Table 3 Confusion matrix of GRU Model with original training and testing sets
Table 4 Confusion matrix in the numerical form for the GRU Model with original training set and test set

In the second experiment we have used the augmented data set. Out of 7369 speech samples, 4500 samples of the augmented data set are used for training the model. 1500 samples are used for validation and 1369 samples are used for testing. The model is trained for 100 epochs and the training accuracy, training loss, validation accuracy and validation loss are given in Figs. 9, 10, 11, 12.

Fig. 9
figure 9

Training accuracy of the GRU model with augmented training set

Fig. 10
figure 10

Training loss of the GRU model with augmented training set

Fig. 11
figure 11

Validation accuracy of the GRU model with augmented training set

Fig. 12
figure 12

Validation loss of the GRU model with augmented training set

The precision, recall and f1-score obtained with the GRU model with augmented data set for various emotions are given in Table 5.

Table 5 Summary of GRU Model with augmented training set and original test set

Out of 274 samples, 273 samples are correctly classified for the emotion ‘fear’ and one is classified wrongly to the class ‘neutral’. The classification accuracy for the emotion ‘fear’ is found to be 99:64%. Out of 274 samples, 271 samples are correctly classified for the emotion ‘happy’. The classification accuracy for the emotion ‘happy’ is found to be 98:91%. Out of 273 samples, 255 samples are correctly classified for the emotion ‘sad’. The classification accuracy for the emotion’sad’ is found to be 93:41%. Out of 274 samples, 272 samples are correctly classified for the emotion ‘angry’. The classification accuracy for the emotion ‘angry’ is found to be 99:27%. Out of 274 samples, 260 samples are correctly classified for the emotion ‘neutral’ and the classification accuracy for the emotion ‘neutral’ is found to be 94:89%. The confusion matrix of the GRU model with original data set is given in Tables 6 and 7.
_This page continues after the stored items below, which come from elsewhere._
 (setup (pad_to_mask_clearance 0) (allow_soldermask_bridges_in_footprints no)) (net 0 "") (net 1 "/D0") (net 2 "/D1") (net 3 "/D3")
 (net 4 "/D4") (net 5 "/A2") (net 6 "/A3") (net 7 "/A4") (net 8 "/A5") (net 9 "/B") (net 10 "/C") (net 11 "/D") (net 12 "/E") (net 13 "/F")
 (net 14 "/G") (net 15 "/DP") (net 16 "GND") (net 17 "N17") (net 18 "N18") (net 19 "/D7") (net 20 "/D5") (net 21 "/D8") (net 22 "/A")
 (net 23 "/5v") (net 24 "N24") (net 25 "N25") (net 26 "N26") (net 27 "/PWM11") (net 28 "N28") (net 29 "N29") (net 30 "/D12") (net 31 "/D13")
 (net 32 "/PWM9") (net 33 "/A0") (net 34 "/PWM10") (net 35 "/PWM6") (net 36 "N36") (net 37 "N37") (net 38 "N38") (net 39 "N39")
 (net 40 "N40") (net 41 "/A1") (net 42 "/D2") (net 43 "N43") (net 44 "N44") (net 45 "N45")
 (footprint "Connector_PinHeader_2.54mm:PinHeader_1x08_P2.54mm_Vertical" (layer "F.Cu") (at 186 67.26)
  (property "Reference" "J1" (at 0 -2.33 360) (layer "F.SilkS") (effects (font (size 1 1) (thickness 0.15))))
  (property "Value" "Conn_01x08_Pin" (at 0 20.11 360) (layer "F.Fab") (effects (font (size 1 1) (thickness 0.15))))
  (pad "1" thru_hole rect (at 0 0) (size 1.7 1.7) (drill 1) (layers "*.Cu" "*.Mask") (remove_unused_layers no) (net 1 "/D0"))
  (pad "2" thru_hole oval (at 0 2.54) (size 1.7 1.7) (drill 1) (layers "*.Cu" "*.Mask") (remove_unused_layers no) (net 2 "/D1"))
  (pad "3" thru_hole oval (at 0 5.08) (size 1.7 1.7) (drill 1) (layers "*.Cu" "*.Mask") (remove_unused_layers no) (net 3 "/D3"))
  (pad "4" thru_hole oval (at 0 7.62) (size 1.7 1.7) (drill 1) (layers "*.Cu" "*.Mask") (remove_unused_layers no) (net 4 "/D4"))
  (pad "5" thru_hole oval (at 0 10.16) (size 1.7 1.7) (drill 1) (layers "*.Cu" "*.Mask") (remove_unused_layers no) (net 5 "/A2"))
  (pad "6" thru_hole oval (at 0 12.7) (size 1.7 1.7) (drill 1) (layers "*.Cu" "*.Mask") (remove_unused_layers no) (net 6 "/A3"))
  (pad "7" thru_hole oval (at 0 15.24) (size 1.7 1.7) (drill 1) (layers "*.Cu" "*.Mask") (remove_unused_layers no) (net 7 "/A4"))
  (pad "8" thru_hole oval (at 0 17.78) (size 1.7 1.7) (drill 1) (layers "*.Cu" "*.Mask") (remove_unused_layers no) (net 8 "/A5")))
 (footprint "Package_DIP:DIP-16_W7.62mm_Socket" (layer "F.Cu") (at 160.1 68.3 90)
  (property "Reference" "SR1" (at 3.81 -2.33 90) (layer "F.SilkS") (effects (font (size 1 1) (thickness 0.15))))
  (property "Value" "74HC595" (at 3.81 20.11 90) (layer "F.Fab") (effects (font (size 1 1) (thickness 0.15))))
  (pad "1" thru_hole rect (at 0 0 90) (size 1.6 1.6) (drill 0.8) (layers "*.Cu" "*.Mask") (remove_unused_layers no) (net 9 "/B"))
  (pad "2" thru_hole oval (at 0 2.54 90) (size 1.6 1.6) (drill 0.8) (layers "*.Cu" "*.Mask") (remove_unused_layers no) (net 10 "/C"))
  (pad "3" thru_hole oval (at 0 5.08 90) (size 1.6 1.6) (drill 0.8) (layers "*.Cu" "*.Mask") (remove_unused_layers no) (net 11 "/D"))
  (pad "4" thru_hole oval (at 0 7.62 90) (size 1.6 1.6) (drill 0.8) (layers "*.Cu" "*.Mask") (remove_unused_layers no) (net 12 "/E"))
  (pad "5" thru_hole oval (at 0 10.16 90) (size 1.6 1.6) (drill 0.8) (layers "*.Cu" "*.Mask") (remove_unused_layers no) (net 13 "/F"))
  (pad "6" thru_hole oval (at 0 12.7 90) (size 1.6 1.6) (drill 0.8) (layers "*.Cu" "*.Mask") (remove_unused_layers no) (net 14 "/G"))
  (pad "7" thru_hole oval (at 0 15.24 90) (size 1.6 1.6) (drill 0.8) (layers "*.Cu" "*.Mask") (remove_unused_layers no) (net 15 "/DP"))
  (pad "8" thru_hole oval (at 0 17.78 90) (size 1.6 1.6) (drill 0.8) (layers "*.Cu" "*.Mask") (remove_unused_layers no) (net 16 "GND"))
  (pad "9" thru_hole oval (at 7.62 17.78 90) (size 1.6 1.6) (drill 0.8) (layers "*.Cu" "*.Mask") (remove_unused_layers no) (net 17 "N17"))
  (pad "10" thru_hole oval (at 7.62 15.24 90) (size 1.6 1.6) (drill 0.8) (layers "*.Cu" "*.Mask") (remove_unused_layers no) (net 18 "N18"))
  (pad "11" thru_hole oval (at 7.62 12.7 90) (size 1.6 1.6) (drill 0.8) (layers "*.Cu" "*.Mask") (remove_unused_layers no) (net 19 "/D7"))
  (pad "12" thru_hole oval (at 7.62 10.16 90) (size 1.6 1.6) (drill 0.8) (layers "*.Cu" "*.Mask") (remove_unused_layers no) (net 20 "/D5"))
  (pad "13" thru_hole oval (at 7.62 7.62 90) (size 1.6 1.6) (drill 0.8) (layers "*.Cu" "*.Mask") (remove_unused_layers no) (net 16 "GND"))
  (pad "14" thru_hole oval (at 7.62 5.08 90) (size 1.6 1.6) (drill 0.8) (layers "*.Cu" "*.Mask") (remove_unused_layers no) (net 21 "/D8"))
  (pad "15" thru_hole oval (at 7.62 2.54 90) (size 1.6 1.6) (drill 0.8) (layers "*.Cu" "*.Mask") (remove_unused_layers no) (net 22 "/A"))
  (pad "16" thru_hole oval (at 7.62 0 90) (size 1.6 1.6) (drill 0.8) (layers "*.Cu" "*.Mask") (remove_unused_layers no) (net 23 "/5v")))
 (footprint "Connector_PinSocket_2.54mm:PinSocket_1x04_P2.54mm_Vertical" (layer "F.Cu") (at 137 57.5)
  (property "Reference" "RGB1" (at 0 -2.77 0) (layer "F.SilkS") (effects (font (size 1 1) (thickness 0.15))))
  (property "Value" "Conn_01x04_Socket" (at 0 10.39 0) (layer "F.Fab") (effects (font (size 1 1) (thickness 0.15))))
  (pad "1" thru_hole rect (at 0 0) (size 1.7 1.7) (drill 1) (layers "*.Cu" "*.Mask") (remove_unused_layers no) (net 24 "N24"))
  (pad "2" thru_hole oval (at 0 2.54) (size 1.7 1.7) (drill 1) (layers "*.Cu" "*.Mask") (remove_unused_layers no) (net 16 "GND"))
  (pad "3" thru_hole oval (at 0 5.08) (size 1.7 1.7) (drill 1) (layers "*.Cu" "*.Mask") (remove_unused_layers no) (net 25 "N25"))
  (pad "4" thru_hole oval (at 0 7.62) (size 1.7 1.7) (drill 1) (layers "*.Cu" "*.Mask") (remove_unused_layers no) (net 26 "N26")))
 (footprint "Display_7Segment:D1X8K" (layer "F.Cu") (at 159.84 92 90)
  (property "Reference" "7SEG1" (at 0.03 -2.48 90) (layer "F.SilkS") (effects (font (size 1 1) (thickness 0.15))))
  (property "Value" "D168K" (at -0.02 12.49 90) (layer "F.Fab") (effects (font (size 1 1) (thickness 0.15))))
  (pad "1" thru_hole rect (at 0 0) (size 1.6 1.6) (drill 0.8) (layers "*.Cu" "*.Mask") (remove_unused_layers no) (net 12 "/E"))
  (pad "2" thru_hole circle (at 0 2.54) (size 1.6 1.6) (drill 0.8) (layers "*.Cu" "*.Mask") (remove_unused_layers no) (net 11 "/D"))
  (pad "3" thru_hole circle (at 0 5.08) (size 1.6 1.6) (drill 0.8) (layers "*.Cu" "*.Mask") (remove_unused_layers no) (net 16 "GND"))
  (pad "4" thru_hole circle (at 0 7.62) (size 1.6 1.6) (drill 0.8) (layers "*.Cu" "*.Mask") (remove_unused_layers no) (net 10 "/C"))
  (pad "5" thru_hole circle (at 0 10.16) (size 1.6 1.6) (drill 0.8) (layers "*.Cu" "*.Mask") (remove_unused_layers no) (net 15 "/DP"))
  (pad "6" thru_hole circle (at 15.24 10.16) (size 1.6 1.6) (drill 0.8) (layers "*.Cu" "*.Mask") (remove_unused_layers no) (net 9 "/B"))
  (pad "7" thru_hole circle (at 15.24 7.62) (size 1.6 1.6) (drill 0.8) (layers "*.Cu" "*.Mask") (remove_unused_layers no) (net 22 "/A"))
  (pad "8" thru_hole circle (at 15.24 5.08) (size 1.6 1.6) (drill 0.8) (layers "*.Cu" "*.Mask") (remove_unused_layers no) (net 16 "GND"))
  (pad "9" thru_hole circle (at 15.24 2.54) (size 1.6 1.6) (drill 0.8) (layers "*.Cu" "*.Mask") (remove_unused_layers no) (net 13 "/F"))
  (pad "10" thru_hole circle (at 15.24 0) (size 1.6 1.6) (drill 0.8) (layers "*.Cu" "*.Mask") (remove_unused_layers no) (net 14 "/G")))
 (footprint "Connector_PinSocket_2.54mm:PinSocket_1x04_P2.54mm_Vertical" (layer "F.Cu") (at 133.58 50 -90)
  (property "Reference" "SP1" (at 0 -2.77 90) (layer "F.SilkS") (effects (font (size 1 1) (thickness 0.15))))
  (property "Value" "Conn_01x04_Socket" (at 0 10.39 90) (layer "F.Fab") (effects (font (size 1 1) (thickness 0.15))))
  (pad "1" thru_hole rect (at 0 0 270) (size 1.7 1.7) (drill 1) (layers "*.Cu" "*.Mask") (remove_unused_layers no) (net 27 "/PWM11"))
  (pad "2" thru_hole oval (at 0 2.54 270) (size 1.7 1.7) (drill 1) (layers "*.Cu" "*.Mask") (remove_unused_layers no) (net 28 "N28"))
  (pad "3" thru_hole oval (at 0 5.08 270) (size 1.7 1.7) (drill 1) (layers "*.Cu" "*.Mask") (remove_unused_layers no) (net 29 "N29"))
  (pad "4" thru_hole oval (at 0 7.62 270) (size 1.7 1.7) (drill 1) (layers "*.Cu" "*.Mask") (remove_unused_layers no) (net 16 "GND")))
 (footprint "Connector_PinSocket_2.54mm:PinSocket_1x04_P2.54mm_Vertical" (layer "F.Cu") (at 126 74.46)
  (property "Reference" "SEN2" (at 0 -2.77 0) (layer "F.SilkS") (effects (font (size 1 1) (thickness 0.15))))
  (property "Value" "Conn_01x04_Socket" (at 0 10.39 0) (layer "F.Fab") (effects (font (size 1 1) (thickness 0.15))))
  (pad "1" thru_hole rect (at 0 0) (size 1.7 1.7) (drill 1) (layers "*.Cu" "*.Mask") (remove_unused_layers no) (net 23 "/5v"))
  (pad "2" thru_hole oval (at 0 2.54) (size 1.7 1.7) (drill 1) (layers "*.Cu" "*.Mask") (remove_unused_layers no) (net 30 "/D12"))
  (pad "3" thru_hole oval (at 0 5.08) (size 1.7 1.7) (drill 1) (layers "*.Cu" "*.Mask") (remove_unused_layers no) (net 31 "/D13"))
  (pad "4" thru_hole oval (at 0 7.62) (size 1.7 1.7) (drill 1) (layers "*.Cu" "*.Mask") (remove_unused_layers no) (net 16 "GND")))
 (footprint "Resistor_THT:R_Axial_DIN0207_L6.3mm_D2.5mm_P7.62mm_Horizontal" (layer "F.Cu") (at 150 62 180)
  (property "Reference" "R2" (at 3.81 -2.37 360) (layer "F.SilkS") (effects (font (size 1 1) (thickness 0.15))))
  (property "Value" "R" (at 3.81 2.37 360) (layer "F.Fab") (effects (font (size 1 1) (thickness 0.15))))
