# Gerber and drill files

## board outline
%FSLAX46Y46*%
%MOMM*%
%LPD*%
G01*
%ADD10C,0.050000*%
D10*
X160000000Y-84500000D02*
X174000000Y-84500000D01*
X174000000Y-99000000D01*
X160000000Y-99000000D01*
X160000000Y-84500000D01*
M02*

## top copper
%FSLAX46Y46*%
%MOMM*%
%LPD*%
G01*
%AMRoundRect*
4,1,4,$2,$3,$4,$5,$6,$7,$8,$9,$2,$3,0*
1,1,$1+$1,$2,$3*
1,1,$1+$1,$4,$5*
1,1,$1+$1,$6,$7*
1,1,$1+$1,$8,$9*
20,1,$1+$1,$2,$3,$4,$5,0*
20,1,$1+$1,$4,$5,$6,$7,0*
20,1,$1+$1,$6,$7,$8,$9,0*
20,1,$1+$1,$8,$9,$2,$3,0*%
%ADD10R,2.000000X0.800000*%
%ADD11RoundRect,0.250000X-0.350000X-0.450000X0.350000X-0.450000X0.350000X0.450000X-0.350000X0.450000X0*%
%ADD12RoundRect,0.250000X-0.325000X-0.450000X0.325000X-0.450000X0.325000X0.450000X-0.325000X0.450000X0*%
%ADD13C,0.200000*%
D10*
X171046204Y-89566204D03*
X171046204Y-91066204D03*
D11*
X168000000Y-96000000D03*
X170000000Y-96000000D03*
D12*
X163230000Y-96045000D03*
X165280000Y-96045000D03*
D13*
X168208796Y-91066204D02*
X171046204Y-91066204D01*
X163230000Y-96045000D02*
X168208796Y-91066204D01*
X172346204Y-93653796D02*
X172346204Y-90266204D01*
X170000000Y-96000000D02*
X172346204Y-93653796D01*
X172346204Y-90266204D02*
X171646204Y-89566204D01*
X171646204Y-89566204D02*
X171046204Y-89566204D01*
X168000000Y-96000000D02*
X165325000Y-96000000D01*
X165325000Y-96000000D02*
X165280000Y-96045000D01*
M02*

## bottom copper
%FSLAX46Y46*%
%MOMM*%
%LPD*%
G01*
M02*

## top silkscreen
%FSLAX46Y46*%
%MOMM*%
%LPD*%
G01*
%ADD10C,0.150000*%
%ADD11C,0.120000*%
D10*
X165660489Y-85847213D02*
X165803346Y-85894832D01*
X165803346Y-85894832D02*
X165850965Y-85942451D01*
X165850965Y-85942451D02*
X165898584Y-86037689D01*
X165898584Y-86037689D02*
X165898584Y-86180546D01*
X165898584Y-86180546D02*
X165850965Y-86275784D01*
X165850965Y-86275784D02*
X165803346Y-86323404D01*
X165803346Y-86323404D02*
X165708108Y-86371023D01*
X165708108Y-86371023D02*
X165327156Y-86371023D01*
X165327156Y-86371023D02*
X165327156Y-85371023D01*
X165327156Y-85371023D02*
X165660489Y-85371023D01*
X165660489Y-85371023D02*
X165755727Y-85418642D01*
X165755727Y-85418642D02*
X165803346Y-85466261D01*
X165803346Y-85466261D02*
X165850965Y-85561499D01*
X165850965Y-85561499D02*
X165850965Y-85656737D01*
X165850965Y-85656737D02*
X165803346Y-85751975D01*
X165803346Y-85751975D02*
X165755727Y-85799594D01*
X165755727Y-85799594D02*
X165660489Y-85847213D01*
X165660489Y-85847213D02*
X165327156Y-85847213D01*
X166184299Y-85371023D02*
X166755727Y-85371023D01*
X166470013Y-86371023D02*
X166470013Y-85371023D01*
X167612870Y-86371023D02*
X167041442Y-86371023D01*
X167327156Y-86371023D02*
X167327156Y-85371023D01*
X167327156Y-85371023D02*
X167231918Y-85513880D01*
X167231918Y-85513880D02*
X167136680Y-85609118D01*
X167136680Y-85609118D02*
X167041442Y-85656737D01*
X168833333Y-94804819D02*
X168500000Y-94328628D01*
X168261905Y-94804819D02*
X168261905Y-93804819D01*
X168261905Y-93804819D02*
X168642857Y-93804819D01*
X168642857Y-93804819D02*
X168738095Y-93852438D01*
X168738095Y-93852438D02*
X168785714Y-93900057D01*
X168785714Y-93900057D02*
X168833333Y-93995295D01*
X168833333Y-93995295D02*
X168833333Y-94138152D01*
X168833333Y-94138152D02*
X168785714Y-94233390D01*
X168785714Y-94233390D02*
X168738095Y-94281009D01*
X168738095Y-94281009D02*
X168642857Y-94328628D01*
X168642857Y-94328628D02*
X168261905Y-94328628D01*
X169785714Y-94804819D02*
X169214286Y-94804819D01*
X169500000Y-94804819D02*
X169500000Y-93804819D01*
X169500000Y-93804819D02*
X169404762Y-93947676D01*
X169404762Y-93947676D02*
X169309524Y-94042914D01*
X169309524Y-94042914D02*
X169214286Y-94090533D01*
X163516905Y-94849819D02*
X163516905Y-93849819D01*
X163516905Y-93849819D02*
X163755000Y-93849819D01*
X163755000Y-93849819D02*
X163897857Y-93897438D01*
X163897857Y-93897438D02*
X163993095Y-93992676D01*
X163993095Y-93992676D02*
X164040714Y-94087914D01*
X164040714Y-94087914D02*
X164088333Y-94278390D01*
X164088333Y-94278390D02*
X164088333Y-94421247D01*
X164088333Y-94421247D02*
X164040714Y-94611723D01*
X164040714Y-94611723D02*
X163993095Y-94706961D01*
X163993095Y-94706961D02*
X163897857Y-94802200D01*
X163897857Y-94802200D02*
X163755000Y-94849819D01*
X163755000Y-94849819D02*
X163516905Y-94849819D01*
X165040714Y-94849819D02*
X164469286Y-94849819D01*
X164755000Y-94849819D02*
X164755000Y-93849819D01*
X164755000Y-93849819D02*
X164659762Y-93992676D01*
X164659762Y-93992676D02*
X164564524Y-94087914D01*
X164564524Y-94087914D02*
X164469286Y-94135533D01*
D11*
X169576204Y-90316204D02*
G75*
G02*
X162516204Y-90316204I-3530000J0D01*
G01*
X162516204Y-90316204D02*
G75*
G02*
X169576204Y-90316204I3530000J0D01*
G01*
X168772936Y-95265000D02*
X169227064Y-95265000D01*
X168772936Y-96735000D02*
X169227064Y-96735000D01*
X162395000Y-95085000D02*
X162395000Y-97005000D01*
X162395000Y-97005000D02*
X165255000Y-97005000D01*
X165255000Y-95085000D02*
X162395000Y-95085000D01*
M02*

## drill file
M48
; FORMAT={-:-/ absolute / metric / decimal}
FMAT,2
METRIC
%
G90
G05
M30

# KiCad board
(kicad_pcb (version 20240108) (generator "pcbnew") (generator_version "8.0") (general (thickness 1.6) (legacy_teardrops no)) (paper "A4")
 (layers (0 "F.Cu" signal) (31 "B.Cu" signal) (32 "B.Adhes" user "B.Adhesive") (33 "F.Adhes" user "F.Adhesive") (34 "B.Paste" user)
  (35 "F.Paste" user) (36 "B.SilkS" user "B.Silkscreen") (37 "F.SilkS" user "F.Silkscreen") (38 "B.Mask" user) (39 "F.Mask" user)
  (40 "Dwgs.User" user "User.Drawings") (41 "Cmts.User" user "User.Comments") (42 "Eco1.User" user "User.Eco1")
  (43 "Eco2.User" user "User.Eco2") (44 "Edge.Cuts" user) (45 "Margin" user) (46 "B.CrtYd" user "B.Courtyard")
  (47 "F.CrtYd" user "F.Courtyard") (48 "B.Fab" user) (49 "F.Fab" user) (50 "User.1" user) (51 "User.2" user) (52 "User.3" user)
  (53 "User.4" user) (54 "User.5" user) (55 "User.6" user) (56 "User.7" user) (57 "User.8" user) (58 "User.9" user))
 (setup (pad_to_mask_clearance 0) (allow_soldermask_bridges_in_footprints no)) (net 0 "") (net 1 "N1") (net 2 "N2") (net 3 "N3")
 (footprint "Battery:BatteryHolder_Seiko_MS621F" (layer "F.Cu") (at 171.046204 90.316204)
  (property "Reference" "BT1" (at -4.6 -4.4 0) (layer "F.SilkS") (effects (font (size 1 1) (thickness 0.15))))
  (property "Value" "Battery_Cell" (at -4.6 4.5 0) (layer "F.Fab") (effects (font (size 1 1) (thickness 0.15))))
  (fp_circle (center -5 0) (end -1.47 0) (stroke (width 0.12) (type solid)) (fill none) (layer "F.SilkS"))
  (pad "1" smd rect (at 0 -0.75) (size 2 0.8) (layers "F.Cu" "F.Paste" "F.Mask") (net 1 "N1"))
  (pad "2" smd rect (at 0 0.75) (size 2 0.8) (layers "F.Cu" "F.Paste" "F.Mask") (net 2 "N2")))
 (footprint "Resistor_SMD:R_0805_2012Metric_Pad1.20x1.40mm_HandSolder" (layer "F.Cu") (at 169 96)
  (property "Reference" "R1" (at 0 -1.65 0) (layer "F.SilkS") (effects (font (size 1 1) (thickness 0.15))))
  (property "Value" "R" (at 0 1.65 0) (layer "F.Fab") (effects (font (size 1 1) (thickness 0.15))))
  (fp_line (start -0.227064 -0.735) (end 0.227064 -0.735) (stroke (width 0.12) (type solid)) (layer "F.SilkS"))
  (fp_line (start -0.227064 0.735) (end 0.227064 0.735) (stroke (width 0.12) (type solid)) (layer "F.SilkS"))
  (pad "1" smd roundrect (at -1 0) (size 1.2 1.4) (layers "F.Cu" "F.Paste" "F.Mask") (roundrect_rratio 0.208333) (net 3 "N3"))
  (pad "2" smd roundrect (at 1 0) (size 1.2 1.4) (layers "F.Cu" "F.Paste" "F.Mask") (roundrect_rratio 0.208333) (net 1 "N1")))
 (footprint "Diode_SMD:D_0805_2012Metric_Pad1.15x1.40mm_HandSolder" (layer "F.Cu") (at 164.255 96.045)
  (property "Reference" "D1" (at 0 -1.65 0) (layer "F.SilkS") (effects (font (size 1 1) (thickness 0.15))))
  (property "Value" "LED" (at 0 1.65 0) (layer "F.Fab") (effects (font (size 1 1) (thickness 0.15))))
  (fp_line (start -1.86 -0.96) (end -1.86 0.96) (stroke (width 0.12) (type solid)) (layer "F.SilkS"))
  (fp_line (start -1.86 0.96) (end 1 0.96) (stroke (width 0.12) (type solid)) (layer "F.SilkS"))
  (fp_line (start 1 -0.96) (end -1.86 -0.96) (stroke (width 0.12) (type solid)) (layer "F.SilkS"))
  (pad "1" smd roundrect (at -1.025 0) (size 1.15 1.4) (layers "F.Cu" "F.Paste" "F.Mask") (roundrect_rratio 0.217391) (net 2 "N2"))
  (pad "2" smd roundrect (at 1.025 0) (size 1.15 1.4) (layers "F.Cu" "F.Paste" "F.Mask") (roundrect_rratio 0.217391) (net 3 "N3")))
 (gr_rect (start 160 84.5) (end 174 99) (stroke (width 0.05) (type default)) (fill none) (layer "Edge.Cuts"))
 (segment (start 168.208796 91.066204) (end 171.046204 91.066204) (width 0.2) (layer "F.Cu") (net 2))
 (segment (start 163.23 96.045) (end 168.208796 91.066204) (width 0.2) (layer "F.Cu") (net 2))
 (segment (start 172.346204 93.653796) (end 172.346204 90.266204) (width 0.2) (layer "F.Cu") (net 1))
 (segment (start 170 96) (end 172.346204 93.653796) (width 0.2) (layer "F.Cu") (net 1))
 (segment (start 172.346204 90.266204) (end 171.646204 89.566204) (width 0.2) (layer "F.Cu") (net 1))
 (segment (start 171.646204 89.566204) (end 171.046204 89.566204) (width 0.2) (layer "F.Cu") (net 1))
 (segment (start 168 96) (end 165.325 96) (width 0.2) (layer "F.Cu") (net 3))
 (segment (start 165.325 96) (end 165.28 96.045) (width 0.2) (layer "F.Cu") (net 3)))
Table 6 Confusion matrix of GRU Model with augmented training set and original test set
Table 7 Confusion matrix in the numerical form for the GRU Model with augmented training set and original test set

The accuracy of the model for the original and augmented datasets are shown in Fig. 13.

Fig. 13
figure 13

Accuracy of the GRU model

From the results it is clear that the GRU model gives better results with augmented dataset. An average accuracy of 93% is obtained when the model is trained with 5000 samples of the augmented data set.

4 Conclusion

Automatic recognition of speech emotions has gained much importance nowadays since it can be used in many areas like human machine interaction, translation of one language to another, gaming etc. It can also be applied to provide better customer service. Traditional machine learning techniques are found to be inefficient as the emotions are to be identified only from the speech signals. Such complicated and challenging problems can be solved by using deep learning techniques which use automatic feature learning on a large amount of data. We have implemented two different deep learning networks for automatic recognition of emotions from speech. From our studies we conclude that the GRU model with filter bank energies is very much suitable for automatic emotion recognition from speech and it gives better results. We have overcome the limitation in the availability of big data set by augmenting the data set. The GRU model has been applied to the original as well as the augmented data set. By the experiment it has been understood that GRU models perform very well with sequential data such as speech signals. The model gave good performance when trained with huge number of inputs. So data augmentation is found to be helpful to increase the efficiency of the model.